The mayors' offer was the most concrete plan the public has seen for how to fund regional transit improvements since a plebiscite on a half-per-cent sales tax, aimed at funding a $7.5-billion, 10-year mayors' plan, was defeated soundly last year.

The proposal is also the latest salvo between the province and cities as they figure out how they will come up with the $370-million needed to tap into the matching $370-million on the table from the federal government.

Both sides say they need to come to an agreement within weeks or they risk going to the end of the line behind other cities and provinces that have put together their agreements faster.

On the provincial side, Community Minister Peter Fassbender also made an announcement Thursday that the province would commit $246-million for its part of the first phase.

Although that works out to only a third of the $740-million for the first phase, which seems like the same percentage the province has been promising for more than a year, Mr. Fassbender said it's actually $130-million more than what the province would normally give.

Mr. Fassbender claimed that the province typically provides one-third of the funding only for major projects, such as the Broadway or Surrey rapid-transit lines, not buses, rail cars and station upgrades.

But since the federal government is going to share those costs for the first phase, the province will too, he said.

"I talked to the federal government this morning and informed them of our increase," the minister said.

He didn't respond to any of the other demands in the mayors' proposal, saying only that he and the mayors "are going to roll up our sleeves" and work out an agreement. And he said the province would talk about committing money to the second phase only when the federal government has more information available.

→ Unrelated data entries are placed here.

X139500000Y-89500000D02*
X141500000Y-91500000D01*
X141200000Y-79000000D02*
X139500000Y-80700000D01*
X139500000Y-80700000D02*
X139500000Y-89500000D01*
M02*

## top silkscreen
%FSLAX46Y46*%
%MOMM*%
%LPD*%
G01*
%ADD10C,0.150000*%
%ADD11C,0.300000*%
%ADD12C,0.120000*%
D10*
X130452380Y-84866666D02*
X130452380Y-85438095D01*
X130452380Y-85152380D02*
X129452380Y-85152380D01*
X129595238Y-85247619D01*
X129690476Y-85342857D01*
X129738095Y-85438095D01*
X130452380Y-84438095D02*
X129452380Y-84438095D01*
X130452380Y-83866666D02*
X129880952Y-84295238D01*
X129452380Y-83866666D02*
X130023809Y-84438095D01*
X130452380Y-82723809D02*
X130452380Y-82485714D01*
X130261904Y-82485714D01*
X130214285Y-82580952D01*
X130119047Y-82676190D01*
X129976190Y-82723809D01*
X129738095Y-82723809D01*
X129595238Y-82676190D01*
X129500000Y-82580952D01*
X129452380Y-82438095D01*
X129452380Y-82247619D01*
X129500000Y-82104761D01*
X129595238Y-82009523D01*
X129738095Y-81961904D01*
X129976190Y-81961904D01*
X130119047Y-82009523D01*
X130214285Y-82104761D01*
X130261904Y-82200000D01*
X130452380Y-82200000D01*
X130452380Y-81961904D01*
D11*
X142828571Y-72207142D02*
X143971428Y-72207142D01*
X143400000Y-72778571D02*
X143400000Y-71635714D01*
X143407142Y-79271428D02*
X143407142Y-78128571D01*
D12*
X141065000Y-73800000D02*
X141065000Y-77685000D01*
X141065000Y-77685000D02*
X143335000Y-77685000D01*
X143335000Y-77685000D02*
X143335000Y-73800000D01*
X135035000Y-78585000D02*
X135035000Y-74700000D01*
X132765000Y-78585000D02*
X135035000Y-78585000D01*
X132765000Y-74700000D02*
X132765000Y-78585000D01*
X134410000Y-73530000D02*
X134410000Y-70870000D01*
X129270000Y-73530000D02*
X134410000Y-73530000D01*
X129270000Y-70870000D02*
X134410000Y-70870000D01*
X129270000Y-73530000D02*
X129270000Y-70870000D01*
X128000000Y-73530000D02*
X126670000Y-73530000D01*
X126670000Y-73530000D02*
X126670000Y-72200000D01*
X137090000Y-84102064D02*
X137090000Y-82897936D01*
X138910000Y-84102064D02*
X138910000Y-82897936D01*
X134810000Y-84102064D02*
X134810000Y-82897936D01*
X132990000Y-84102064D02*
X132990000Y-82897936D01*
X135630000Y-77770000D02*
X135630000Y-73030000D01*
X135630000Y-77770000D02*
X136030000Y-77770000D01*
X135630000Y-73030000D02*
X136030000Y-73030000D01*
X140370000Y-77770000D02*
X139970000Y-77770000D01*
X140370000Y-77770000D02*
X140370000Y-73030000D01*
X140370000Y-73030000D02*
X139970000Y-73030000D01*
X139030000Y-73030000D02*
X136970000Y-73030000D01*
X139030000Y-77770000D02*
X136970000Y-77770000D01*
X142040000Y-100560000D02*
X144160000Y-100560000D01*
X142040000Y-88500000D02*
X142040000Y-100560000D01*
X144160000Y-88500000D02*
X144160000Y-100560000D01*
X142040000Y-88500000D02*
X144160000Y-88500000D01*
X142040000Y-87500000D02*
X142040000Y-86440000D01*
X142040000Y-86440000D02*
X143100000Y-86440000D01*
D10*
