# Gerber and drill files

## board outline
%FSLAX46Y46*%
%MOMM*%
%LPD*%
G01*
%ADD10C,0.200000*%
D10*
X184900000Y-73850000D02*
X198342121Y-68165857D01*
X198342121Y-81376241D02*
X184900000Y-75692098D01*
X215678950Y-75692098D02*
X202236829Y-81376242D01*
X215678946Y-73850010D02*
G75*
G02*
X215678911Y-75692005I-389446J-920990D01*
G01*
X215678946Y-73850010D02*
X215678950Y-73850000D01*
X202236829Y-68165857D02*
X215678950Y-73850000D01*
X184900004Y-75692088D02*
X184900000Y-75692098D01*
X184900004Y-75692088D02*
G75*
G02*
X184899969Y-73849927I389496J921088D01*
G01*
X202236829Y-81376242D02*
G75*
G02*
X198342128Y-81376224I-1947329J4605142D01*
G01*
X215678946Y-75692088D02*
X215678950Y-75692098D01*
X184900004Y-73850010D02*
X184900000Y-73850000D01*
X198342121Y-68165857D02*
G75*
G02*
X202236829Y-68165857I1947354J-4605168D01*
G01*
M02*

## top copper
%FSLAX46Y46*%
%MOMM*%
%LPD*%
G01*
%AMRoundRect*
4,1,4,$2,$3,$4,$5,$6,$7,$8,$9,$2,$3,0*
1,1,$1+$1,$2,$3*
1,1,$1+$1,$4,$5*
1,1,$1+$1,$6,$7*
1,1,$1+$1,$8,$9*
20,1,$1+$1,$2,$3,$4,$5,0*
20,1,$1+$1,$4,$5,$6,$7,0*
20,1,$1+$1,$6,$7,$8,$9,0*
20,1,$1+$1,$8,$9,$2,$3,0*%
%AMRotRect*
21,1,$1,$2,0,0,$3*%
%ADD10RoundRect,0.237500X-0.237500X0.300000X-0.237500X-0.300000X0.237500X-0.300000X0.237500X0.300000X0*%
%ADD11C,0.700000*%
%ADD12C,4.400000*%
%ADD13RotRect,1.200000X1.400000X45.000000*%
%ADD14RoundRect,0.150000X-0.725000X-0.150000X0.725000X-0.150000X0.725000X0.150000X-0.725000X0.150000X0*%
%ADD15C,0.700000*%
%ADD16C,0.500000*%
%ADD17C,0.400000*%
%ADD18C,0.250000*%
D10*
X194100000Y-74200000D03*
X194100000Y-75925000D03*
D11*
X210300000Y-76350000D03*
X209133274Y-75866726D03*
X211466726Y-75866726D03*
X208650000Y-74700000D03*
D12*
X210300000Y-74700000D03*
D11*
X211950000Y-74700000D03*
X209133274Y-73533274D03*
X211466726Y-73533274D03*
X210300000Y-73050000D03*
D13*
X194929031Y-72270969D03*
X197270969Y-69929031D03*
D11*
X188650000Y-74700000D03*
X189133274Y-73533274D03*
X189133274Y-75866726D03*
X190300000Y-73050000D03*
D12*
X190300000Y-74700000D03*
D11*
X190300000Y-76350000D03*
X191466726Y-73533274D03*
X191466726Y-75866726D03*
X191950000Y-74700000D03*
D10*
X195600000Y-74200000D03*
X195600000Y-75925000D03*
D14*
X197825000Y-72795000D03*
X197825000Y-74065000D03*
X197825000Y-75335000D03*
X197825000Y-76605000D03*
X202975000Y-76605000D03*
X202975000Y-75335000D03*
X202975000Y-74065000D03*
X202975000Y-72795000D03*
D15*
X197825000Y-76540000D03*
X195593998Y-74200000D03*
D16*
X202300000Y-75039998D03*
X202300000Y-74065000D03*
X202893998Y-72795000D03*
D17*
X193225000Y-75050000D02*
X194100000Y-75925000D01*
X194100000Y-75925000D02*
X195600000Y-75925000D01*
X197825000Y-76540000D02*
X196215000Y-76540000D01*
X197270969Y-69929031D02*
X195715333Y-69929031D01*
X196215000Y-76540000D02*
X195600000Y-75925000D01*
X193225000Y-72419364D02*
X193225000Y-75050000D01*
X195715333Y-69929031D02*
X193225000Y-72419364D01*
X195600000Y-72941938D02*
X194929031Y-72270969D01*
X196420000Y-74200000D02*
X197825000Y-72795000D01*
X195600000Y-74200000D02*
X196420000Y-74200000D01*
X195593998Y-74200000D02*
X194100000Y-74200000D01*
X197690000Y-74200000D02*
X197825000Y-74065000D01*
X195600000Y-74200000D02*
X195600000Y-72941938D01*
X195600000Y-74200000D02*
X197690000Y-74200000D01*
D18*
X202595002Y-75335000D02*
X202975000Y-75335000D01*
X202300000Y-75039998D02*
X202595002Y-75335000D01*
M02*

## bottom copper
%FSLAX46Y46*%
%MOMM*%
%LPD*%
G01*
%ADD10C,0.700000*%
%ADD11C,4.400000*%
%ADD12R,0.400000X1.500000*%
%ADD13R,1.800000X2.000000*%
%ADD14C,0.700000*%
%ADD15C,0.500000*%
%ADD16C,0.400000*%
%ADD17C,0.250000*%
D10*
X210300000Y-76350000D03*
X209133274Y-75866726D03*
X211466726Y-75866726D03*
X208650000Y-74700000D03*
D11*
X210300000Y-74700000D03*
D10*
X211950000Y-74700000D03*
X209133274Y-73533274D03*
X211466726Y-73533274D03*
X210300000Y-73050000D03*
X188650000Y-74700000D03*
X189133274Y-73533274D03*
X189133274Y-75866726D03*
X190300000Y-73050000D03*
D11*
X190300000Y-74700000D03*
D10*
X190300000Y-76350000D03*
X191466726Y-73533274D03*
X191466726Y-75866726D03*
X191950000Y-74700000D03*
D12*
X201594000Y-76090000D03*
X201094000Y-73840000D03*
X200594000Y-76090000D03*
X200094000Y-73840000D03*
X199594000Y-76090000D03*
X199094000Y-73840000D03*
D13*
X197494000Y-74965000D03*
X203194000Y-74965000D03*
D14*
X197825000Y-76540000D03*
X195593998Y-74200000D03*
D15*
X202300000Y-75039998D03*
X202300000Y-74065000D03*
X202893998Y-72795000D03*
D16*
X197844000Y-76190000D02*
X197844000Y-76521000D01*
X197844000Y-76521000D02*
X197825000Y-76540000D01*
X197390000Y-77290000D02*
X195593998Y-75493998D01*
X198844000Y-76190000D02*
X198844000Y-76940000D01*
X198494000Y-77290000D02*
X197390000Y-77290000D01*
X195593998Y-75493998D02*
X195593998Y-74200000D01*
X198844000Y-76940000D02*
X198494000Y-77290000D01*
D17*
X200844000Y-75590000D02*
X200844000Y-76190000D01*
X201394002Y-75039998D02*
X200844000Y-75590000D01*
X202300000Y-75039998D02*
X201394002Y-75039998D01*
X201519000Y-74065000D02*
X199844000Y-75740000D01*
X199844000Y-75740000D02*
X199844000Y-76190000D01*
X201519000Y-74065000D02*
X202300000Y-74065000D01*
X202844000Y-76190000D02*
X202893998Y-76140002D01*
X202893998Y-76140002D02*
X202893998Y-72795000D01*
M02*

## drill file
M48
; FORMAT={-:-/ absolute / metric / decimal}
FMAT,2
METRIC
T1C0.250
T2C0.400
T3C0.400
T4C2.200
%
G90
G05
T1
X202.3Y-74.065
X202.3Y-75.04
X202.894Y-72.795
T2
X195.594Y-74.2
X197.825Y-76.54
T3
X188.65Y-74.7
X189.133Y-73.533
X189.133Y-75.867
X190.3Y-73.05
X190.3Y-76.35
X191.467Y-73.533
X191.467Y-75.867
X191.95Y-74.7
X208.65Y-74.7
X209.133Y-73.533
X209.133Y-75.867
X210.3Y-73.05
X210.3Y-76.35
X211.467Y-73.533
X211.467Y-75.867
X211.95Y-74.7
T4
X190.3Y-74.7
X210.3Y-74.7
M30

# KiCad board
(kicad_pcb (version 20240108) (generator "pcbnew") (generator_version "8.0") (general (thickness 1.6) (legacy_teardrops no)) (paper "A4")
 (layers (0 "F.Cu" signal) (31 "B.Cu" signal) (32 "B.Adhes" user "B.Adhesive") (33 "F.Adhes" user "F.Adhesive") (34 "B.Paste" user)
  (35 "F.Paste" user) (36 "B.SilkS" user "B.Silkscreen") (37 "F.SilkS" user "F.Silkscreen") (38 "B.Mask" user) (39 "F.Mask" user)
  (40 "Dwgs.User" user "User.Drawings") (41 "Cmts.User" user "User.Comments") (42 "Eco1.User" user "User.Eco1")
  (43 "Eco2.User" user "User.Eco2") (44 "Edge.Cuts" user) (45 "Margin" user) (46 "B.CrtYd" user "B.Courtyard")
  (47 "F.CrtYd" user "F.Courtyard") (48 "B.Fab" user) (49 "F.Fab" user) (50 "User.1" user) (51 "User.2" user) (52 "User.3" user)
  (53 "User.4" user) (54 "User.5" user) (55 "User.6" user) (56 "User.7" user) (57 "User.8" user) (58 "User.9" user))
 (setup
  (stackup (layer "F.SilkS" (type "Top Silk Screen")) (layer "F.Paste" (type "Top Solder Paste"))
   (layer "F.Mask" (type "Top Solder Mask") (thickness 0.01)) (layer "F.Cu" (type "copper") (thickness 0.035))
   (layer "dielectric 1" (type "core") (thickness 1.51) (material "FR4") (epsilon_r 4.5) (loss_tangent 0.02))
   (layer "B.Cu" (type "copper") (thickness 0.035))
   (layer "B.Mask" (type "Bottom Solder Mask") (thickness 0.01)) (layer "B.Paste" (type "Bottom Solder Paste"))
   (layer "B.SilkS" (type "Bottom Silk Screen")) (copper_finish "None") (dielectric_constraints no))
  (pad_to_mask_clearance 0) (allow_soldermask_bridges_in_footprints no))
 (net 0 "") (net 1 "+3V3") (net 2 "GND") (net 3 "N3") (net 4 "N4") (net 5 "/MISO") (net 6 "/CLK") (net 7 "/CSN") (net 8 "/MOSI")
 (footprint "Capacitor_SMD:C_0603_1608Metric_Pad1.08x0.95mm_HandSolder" (layer "F.Cu") (at 194.1 75.0625 -90)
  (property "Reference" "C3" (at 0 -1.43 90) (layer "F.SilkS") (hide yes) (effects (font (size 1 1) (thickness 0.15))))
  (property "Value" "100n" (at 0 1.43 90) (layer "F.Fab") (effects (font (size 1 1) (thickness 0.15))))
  (pad "1" smd roundrect (at -0.8625 0 270) (size 1.075 0.95) (layers "F.Cu" "F.Paste" "F.Mask") (roundrect_rratio 0.25) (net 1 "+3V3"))
  (pad "2" smd roundrect (at 0.8625 0 270) (size 1.075 0.95) (layers "F.Cu" "F.Paste" "F.Mask") (roundrect_rratio 0.25) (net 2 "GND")))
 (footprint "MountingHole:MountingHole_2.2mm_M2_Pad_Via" (layer "F.Cu") (at 210.3 74.7 90)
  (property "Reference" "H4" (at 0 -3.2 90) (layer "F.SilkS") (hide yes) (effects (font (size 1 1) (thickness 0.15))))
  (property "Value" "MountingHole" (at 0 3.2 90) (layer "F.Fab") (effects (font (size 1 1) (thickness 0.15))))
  (pad "1" thru_hole circle (at -1.65 0 90) (size 0.7 0.7) (drill 0.4) (layers "*.Cu" "*.Mask") (remove_unused_layers no) (zone_connect 2))
  (pad "1" thru_hole circle (at -1.166726 -1.166726 90) (size 0.7 0.7) (drill 0.4) (layers "*.Cu" "*.Mask") (remove_unused_layers no)
   (zone_connect 2))
  (pad "1" thru_hole circle (at -1.166726 1.166726 90) (size 0.7 0.7) (drill 0.4) (layers "*.Cu" "*.Mask") (remove_unused_layers no)
   (zone_connect 2))
  (pad "1" thru_hole circle (at 0 -1.65 90) (size 0.7 0.7) (drill 0.4) (layers "*.Cu" "*.Mask") (remove_unused_layers no) (zone_connect 2))
  (pad "1" thru_hole circle (at 0 0 90) (size 4.4 4.4) (drill 2.2) (layers "*.Cu" "*.Mask") (remove_unused_layers no))
  (pad "1" thru_hole circle (at 0 1.65 90) (size 0.7 0.7) (drill 0.4) (layers "*.Cu" "*.Mask") (remove_unused_layers no) (zone_connect 2))
  (pad "1" thru_hole circle (at 1.166726 -1.166726 90) (size 0.7 0.7) (drill 0.4) (layers "*.Cu" "*.Mask") (remove_unused_layers no)
   (zone_connect 2))
  (pad "1" thru_hole circle (at 1.166726 1.166726 90) (size 0.7 0.7) (drill 0.4) (layers "*.Cu" "*.Mask") (remove_unused_layers no)
   (zone_connect 2))
  (pad "1" thru_hole circle (at 1.65 0 90) (size 0.7 0.7) (drill 0.4) (layers "*.Cu" "*.Mask") (remove_unused_layers no) (zone_connect 2)))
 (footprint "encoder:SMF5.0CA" (layer "F.Cu") (at 196.1 71.1 45)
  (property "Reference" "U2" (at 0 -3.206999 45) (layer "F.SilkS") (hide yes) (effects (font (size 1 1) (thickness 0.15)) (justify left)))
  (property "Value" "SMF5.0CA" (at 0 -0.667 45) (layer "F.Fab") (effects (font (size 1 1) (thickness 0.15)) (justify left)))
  (pad "1" smd rect (at -1.656 0 45) (size 1.2 1.4) (layers "F.Cu" "F.Paste" "F.Mask") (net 1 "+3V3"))
  (pad "2" smd rect (at 1.656 0 45) (size 1.2 1.4) (layers "F.Cu" "F.Paste" "F.Mask") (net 2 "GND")))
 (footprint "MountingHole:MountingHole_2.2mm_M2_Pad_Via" (layer "F.Cu") (at 190.3 74.7)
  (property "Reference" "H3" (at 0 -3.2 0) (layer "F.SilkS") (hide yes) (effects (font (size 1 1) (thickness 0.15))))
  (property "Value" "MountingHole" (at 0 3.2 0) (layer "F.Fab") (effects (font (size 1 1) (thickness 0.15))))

In the mayors' council meeting, the offer from the province produced a lot of frustration and disappointment.

New Westminster Mayor Jonathan Cote said the province seems to be unwilling to promise what it did last year – that it would fund one-third of the full 10-year mayors' plan – "so they're committing less today than last year."

The numbers the two sides are talking about are difficult to explain easily, because the mayors' proposal for new property taxes, fare increases, and developer charges includes how much cities will be paying for the operating costs of any improvements. That includes maintenance and staff.

The $370-million for the first phase that the cities and province need to come up with to match the federal dollars covers only the capital costs of improvements – items such as actual buses, rail cars or pre-construction work needed for the two big rapid-transit projects planned in Vancouver and Surrey.

But staff say, generally, the new revenue the cities are willing to provide will cover $100-million of a total $150-million gap per year for the $7.5-billion, 10-year plan, counting both operating and capital costs.

Some of the details of the new revenue sources still have to be worked out.

The new regional cost charge on development would likely be in the range of $1,000 per residential unit, said Mike Buda, the executive director of the TransLink Mayors' Council Secretariat, at Thursday's meeting.

That would generate about $15- to $20-million per year from the roughly 17,000 units completed in the region each year.

Some mayors expressed concern about every new unit having that new fee added on, saying it wouldn't be fair for buyers in units far from transit to have to pay extra for services they don't get.